Work request: Repeat precisely the span of lines below that opens with the line containing "(at 0 2.54)" and closes with the line containing "(at 0 7.62)", both included.

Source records
· · · · ·

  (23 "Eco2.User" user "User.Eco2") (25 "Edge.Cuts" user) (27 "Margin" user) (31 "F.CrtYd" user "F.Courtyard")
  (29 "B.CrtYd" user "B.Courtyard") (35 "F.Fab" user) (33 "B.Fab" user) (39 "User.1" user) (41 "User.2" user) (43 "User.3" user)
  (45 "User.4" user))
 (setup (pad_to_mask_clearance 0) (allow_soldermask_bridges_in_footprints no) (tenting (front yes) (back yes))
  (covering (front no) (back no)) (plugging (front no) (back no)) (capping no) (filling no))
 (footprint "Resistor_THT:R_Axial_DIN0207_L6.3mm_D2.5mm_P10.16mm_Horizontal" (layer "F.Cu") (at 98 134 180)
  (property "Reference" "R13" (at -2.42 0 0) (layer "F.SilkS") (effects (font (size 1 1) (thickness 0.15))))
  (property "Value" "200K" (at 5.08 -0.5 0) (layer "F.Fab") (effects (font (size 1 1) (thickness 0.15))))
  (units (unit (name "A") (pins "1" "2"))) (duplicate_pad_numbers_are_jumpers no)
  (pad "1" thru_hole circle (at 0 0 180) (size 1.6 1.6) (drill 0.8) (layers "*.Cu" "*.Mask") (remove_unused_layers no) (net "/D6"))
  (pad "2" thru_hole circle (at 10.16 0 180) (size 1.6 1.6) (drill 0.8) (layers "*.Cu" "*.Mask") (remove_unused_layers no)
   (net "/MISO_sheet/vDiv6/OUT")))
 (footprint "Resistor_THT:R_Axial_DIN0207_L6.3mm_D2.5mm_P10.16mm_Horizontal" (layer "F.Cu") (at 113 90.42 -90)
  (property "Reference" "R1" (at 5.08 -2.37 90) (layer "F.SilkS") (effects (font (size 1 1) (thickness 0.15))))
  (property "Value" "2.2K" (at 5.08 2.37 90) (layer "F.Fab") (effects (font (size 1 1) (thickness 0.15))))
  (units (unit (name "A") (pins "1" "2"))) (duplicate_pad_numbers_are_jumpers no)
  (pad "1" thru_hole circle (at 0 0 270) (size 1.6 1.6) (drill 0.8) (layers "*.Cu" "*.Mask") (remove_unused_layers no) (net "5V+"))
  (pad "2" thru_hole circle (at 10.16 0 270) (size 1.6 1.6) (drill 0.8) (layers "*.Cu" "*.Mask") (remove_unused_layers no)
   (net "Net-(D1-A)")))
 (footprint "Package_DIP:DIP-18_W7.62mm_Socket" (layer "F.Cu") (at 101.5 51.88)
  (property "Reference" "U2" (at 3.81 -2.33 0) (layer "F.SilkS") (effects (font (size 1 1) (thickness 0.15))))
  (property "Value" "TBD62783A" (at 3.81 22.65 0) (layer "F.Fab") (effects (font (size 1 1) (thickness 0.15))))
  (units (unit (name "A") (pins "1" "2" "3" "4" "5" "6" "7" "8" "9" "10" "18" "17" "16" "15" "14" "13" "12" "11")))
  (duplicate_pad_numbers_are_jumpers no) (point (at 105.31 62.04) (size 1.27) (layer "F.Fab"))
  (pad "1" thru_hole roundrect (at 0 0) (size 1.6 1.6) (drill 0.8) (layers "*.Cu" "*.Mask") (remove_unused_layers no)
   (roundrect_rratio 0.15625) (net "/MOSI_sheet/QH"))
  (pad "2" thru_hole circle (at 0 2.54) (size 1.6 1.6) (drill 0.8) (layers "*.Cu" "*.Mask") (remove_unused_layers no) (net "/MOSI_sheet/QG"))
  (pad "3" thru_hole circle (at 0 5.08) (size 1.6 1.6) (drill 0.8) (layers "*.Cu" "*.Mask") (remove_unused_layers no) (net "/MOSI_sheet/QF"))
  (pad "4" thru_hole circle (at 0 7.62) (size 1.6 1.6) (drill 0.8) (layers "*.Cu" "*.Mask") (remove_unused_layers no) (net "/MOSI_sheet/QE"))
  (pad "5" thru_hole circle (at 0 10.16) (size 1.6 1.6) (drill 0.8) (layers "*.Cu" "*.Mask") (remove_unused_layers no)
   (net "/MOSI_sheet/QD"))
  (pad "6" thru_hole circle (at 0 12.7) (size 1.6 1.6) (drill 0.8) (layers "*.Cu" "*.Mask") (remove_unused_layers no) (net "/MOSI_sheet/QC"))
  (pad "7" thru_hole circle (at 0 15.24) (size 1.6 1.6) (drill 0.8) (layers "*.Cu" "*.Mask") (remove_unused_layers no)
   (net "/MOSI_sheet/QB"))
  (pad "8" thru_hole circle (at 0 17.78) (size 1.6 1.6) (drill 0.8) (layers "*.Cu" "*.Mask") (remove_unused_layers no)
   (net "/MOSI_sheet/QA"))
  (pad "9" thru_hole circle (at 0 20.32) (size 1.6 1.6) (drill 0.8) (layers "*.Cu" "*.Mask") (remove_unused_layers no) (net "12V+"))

· · · · ·

Your response:
  (pad "2" thru_hole circle (at 0 2.54) (size 1.6 1.6) (drill 0.8) (layers "*.Cu" "*.Mask") (remove_unused_layers no) (net "/MOSI_sheet/QG"))
  (pad "3" thru_hole circle (at 0 5.08) (size 1.6 1.6) (drill 0.8) (layers "*.Cu" "*.Mask") (remove_unused_layers no) (net "/MOSI_sheet/QF"))
  (pad "4" thru_hole circle (at 0 7.62) (size 1.6 1.6) (drill 0.8) (layers "*.Cu" "*.Mask") (remove_unused_layers no) (net "/MOSI_sheet/QE"))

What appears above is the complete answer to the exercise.